10.三日前 10
先ほどまでとは違う愁いを帯びたダレルの緑の目がゆっくりと閉じられ、それからまた開かれた。
その愁いの意味を分からないでは無いが、ハリエットはあえて、微笑みを浮かべて的を外した。
「やはり、陛下の臣民からの支持が落ちていますか?」
「ああ、いえ。そちらの方は王弟殿下が…いえ、我々も宮中も動いていますのでそこまで大事には至らないと思います。王妹殿下が長期の慰問で巡っておられますし王妃殿下の視察も控えています。そちらを華々しく喧伝することで意識を逸らすこともある程度は可能でしょう。おふたりは国民に人気がありますから」
現在、国王陛下の妹姫が各地へ定例の慰問に巡っている。王妃殿下もまた別の地域を定例の視察で巡ることになっている。
「王妹殿下は旅先で今回の事の顛末をお聞きになったのですね」
「たとえこちらからあえてお知らせせずとも、王妹殿下の手のものが知らせたでしょうね」
「そう、ですよね。王妹殿下は今、何を思っておられるのでしょうか……」
瞳に強い意志を秘めた、国王陛下と同じ髪色の美女。王妹殿下を思い出し遠い目になりかけていると、ボーンとまたグラウンドクロックが時間を告げた。はたと、ハリエットは一番重要なことを思い出した。
「では、何が問題なのでしょう?今回の一連がなぜ恋文につながるのでしょうか?」
思わず話し込んでしまったが、まだ大切なことを何も聞いていなかった。
ハリエットが真っ直ぐにダレルを見つめると、ダレルはまたも大きなため息を吐いた。
「ああ…本当にどうしろと…」
一度天を仰ぐと肩を落とし、ダレルはその勢いのままにがっくりと項垂れた。
「陛下はどうしていつもこう、突拍子もない発想に…」
せっかく穏やかに話を進めてきたというのに、ダレルはまた振出しに戻ったように首を横に振りながらあー、うー、ともごもごと繰り返すばかりで二の句を継がない。
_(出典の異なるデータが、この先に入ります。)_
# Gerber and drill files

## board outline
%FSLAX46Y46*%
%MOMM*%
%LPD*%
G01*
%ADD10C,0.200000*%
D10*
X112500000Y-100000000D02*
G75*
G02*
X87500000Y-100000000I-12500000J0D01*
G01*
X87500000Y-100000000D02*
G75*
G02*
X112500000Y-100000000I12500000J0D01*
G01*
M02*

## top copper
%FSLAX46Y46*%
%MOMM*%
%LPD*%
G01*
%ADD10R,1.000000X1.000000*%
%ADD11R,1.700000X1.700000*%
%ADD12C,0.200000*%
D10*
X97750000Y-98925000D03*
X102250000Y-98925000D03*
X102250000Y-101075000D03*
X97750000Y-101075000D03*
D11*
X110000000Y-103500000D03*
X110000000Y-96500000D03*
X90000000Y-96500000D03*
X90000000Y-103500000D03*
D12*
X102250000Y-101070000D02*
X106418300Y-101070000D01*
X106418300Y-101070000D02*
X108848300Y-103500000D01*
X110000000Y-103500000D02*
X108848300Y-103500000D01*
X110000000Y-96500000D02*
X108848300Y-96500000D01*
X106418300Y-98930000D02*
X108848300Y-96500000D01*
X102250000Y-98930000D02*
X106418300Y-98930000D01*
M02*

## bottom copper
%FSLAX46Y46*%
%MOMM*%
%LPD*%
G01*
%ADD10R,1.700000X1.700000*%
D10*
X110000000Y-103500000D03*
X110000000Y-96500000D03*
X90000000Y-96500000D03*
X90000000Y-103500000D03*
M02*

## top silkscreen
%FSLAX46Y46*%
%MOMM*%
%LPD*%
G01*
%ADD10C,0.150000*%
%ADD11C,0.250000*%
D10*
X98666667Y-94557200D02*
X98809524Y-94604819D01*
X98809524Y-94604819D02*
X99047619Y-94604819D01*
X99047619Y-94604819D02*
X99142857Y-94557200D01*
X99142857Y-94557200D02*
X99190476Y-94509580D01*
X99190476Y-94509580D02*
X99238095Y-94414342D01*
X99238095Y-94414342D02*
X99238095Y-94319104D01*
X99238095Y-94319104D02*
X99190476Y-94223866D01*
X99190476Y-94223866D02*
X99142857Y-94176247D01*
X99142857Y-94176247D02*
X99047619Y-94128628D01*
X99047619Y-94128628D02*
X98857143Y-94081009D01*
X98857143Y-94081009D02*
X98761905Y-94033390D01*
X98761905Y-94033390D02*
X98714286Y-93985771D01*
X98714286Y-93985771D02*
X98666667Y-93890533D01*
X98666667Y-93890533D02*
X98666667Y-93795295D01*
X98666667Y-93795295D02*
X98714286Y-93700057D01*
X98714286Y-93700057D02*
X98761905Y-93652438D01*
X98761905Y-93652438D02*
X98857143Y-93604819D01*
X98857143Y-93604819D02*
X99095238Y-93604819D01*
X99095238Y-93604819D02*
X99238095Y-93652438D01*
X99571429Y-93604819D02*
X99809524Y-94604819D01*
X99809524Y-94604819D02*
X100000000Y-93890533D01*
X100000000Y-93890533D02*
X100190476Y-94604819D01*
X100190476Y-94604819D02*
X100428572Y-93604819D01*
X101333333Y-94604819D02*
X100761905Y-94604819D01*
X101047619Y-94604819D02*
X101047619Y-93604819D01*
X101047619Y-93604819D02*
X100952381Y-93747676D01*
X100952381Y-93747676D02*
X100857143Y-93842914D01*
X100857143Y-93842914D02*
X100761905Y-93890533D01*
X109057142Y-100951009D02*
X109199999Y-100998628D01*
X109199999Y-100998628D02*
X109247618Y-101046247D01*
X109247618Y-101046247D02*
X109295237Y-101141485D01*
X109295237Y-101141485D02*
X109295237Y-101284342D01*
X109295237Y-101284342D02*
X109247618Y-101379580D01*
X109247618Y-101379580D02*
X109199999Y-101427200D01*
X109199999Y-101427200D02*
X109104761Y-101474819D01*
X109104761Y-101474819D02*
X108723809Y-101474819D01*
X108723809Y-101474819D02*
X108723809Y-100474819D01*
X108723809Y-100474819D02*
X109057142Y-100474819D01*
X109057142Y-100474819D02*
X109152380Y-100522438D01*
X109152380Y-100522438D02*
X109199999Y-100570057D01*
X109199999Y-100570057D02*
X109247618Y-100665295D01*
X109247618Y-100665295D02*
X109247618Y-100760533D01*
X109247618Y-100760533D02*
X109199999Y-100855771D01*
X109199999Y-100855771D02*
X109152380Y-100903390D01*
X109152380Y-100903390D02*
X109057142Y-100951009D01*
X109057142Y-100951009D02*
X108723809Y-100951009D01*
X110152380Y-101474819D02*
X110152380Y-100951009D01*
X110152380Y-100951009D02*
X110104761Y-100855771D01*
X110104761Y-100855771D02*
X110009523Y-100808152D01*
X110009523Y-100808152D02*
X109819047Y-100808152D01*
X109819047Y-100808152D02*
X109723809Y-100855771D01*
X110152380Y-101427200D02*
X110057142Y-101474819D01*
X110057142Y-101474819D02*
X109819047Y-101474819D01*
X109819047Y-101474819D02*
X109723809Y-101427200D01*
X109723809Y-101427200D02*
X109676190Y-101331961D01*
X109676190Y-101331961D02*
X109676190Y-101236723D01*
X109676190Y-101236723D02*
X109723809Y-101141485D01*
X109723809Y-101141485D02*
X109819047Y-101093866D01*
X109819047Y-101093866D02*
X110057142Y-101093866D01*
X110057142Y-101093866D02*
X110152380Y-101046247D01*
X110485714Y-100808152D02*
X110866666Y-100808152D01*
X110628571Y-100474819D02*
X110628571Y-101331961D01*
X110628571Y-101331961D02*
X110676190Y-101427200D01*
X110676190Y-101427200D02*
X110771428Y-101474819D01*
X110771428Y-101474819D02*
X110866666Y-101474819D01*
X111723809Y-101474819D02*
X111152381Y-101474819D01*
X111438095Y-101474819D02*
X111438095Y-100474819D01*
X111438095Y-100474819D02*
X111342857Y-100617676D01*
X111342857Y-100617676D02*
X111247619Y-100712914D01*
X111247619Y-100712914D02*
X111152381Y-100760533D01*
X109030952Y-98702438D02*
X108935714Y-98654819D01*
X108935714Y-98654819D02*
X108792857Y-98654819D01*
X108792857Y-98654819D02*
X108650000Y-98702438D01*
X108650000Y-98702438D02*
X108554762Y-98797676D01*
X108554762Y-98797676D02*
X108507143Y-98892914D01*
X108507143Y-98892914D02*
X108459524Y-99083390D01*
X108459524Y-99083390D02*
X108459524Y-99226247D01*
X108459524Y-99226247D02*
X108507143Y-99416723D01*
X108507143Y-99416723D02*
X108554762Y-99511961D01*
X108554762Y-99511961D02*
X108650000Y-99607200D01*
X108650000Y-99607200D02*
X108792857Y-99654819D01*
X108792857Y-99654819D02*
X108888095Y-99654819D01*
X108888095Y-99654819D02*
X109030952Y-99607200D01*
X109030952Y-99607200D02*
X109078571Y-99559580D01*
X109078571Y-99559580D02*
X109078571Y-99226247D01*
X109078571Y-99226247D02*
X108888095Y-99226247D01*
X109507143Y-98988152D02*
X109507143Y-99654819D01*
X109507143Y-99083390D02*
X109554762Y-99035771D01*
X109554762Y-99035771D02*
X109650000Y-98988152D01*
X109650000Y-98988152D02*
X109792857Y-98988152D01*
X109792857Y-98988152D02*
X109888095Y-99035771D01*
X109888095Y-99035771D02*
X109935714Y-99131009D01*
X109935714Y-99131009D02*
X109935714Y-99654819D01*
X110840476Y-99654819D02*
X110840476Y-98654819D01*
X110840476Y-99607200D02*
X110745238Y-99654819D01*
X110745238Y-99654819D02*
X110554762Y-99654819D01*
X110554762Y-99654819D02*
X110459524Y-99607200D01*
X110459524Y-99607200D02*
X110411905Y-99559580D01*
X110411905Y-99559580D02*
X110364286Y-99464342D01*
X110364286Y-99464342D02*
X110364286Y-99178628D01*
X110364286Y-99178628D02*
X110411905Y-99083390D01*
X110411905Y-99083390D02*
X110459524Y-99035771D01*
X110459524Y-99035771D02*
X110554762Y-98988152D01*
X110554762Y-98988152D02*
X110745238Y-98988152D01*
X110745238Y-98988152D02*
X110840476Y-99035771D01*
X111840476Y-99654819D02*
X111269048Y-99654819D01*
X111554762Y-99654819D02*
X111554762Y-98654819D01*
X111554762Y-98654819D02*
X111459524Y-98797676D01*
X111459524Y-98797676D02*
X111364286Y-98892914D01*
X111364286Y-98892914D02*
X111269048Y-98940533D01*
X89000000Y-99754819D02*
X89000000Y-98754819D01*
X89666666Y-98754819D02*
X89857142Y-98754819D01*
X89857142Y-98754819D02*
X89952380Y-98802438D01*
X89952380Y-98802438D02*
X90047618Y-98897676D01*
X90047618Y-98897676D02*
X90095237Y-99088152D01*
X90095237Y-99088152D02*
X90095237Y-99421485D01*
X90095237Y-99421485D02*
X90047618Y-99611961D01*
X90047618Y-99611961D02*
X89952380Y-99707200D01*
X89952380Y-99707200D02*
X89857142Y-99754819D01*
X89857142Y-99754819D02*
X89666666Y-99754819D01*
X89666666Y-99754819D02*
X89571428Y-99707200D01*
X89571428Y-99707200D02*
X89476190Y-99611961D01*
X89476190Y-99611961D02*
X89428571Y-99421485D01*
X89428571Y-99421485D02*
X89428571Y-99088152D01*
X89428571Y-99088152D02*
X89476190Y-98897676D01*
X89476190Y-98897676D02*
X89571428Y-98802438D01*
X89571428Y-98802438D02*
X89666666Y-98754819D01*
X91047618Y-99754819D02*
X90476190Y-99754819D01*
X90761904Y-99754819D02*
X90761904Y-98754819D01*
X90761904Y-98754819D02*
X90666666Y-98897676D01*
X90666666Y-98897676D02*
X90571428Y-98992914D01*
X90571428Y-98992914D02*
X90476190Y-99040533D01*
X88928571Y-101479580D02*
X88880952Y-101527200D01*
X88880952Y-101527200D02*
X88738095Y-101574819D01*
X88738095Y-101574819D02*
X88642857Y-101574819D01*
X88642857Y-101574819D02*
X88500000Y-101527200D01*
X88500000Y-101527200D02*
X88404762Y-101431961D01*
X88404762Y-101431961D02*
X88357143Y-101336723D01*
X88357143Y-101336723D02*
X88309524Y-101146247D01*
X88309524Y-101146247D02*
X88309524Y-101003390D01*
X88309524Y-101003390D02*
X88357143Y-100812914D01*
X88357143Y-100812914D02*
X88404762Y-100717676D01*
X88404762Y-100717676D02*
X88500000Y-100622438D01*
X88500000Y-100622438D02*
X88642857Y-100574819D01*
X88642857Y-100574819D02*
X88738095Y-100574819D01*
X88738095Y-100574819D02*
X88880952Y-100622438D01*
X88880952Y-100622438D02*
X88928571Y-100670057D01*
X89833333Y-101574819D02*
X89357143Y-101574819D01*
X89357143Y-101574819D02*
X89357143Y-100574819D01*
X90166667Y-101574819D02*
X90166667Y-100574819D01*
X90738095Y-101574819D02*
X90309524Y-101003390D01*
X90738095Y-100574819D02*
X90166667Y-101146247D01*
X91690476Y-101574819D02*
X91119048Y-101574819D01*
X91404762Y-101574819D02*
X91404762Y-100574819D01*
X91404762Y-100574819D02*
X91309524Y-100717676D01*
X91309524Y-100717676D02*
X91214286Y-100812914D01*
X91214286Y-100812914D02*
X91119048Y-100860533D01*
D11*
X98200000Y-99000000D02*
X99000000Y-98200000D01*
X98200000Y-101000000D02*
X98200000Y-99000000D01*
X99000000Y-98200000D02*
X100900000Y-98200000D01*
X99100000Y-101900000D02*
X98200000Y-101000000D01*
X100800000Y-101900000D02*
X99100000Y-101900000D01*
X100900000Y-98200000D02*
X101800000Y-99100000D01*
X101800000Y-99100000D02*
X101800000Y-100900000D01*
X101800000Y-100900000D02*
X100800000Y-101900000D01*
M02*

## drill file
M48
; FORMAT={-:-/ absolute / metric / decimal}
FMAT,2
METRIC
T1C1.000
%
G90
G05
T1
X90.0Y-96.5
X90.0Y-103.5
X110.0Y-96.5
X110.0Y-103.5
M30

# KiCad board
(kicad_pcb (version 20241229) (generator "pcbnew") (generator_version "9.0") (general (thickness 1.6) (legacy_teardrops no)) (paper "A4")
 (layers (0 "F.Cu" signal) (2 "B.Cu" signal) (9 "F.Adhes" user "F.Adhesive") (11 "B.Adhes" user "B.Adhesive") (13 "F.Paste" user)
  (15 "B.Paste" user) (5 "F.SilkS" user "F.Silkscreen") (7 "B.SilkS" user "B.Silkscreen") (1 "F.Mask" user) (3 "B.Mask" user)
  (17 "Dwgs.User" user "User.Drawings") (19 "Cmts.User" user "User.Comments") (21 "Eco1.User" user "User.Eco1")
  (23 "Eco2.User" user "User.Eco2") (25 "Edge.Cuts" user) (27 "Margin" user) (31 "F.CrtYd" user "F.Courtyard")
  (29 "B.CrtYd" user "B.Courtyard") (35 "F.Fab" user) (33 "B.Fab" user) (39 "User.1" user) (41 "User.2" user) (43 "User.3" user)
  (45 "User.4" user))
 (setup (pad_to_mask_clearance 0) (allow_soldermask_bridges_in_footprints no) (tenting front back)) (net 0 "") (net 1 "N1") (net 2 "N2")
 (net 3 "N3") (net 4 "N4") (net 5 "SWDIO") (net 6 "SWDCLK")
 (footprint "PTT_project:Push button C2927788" (layer "F.Cu") (at 100 100)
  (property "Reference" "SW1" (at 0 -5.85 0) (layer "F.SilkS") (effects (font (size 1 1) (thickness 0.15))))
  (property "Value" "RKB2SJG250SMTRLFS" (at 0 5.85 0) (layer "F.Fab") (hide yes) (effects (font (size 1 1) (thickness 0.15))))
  (fp_line (start -1.8 -1) (end -1 -1.8) (stroke (width 0.25) (type solid)) (layer "F.SilkS"))
  (fp_line (start -1.8 1) (end -1.8 -1) (stroke (width 0.25) (type solid)) (layer "F.SilkS"))
  (fp_line (start -1 -1.8) (end 0.9 -1.8) (stroke (width 0.25) (type solid)) (layer "F.SilkS"))
  (fp_line (start -0.9 1.9) (end -1.8 1) (stroke (width 0.25) (type solid)) (layer "F.SilkS"))
  (fp_line (start 0.8 1.9) (end -0.9 1.9) (stroke (width 0.25) (type solid)) (layer "F.SilkS"))
  (fp_line (start 0.9 -1.8) (end 1.8 -0.9) (stroke (width 0.25) (type solid)) (layer "F.SilkS"))
  (fp_line (start 1.8 -0.9) (end 1.8 0.9) (stroke (width 0.25) (type solid)) (layer "F.SilkS"))
  (fp_line (start 1.8 0.9) (end 0.8 1.9) (stroke (width 0.25) (type solid)) (layer "F.SilkS"))
  (pad "1" smd rect (at -2.25 -1.075) (size 1 1) (layers "F.Cu" "F.Mask" "F.Paste") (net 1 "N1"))
  (pad "2" smd rect (at 2.25 -1.075) (size 1 1) (layers "F.Cu" "F.Mask" "F.Paste") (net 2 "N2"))
  (pad "3" smd rect (at 2.25 1.075) (size 1 1) (layers "F.Cu" "F.Mask" "F.Paste") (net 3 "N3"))
  (pad "4" smd rect (at -2.25 1.075) (size 1 1) (layers "F.Cu" "F.Mask" "F.Paste") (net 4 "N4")))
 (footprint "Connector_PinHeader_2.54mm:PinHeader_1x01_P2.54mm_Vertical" (layer "B.Cu") (at 110 103.5 180)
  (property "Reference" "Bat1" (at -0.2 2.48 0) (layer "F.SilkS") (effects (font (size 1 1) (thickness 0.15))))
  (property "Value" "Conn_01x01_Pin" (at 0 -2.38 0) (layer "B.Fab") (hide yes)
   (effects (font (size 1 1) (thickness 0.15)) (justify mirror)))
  (pad "1" thru_hole rect (at 0 0 180) (size 1.7 1.7) (drill 1) (layers "*.Cu" "*.Mask") (remove_unused_layers no) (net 4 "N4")))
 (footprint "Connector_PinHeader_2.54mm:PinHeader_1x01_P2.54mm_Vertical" (layer "B.Cu") (at 110 96.5 180)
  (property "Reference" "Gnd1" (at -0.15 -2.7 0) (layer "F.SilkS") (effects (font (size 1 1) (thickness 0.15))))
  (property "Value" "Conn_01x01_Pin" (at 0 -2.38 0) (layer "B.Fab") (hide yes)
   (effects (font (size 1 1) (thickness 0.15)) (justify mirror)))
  (pad "1" thru_hole rect (at 0 0 180) (size 1.7 1.7) (drill 1) (layers "*.Cu" "*.Mask") (remove_unused_layers no) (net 2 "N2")))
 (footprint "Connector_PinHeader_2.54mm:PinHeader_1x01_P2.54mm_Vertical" (layer "B.Cu") (at 90 96.5 180)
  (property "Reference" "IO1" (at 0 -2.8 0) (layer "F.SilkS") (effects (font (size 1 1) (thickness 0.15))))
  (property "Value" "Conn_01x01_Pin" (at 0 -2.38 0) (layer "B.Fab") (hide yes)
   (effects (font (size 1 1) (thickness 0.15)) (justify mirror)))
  (pad "1" thru_hole rect (at 0 0 180) (size 1.7 1.7) (drill 1) (layers "*.Cu" "*.Mask") (remove_unused_layers no) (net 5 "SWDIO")))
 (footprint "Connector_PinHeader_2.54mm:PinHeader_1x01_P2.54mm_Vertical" (layer "B.Cu") (at 90 103.5 180)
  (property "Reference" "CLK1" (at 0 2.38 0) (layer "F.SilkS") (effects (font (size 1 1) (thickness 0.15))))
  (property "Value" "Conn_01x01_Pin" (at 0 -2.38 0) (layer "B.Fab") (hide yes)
普段は被った猫たちが仕事をしているので事なきを得ているが、生来短気なハリエットは結局待ちきれず先に口を開いた。
「ストークス様、わたくしはいったい、何をすれば?」
ハリエットは強く言ったつもりは無かったのだが、ダレルはびくりと肩を揺らし、それから顔を覆った手の指をそうっと開くと指の間からちらりとハリエットを伺った。
「いえ、それが……」
「それが?」
ダレルのあまりの様子にハリエットが首をかしげると、ダレルは再度「はああああ」と更に大きなため息を吐いた。
「申し訳ありません、メイウェザー嬢…」
「あの、なぜ謝罪を……?」
ダレルはなおも顔を覆ったまま何かを呟きため息をついている。もしかしたらこの十年以上共に王宮で働いてきた間に聞いたため息の数よりも今日の方が多いかもしれないなと、ハリエットもつられて小さくため息を吐いた。
これ以上どうしたら良いのかがハリエットにはさっぱりと分からない。
待つしかないかと諦めてじっとダレルのため息を数えていると、ぶつぶつと呟くのを止めたダレルが意を決したようにのそりと姿勢を正した。
「……メイウェザー嬢。王妃殿下の視察が、三日後から始まりますね?」
「そうですね。私も随行します」
ハリエットは頷いた。そう、ハリエットは三日後から王妃セシリアの十日間の慰問を含む視察へ随行する。だからこそ今日は残業なしでの退勤で、ハリエットにとっては視察前にゆっくりできる最後の日だったのだ。すっかり遅くなってしまっているが。
「その視察が問題なんです」
ダレルは頷き、苦虫をかみつぶしたような顔で続けた。
「いまだ王妃殿下と仲直りできていないことを陛下がいたく気にしておりまして。このままでは、仲直りできないままに王妃殿下が視察に出てしまうと非常にその……落ち着きを、失くしておられまして」
「そうですね。夫婦喧嘩では日程の中止も延期もありえません。まさかこの土壇場で陛下が本気で視察日程の変更をしようとなさるとは思ってもおりませんでした」
言葉を選びながら話すダレルにハリエットは淡々と頷いた。
視察日程の変更について何かご存知ですか?ととある筋からすぐに報告があり事なきを得たのだが、本来であれば一日で治まったかもしれない王妃殿下の怒りを更に増長させる結果となりこの五日間の無視があるのだ。
「本当に、陛下が申し訳ありません」
ダレルは小さく頭を下げると顔を上げた。
「余計に王妃殿下がお怒りになる、というところまでは考えが及ばなかったようです」
「そのようですね」
中々見ないほど下がったダレルの眉に、ハリエットは苦笑した。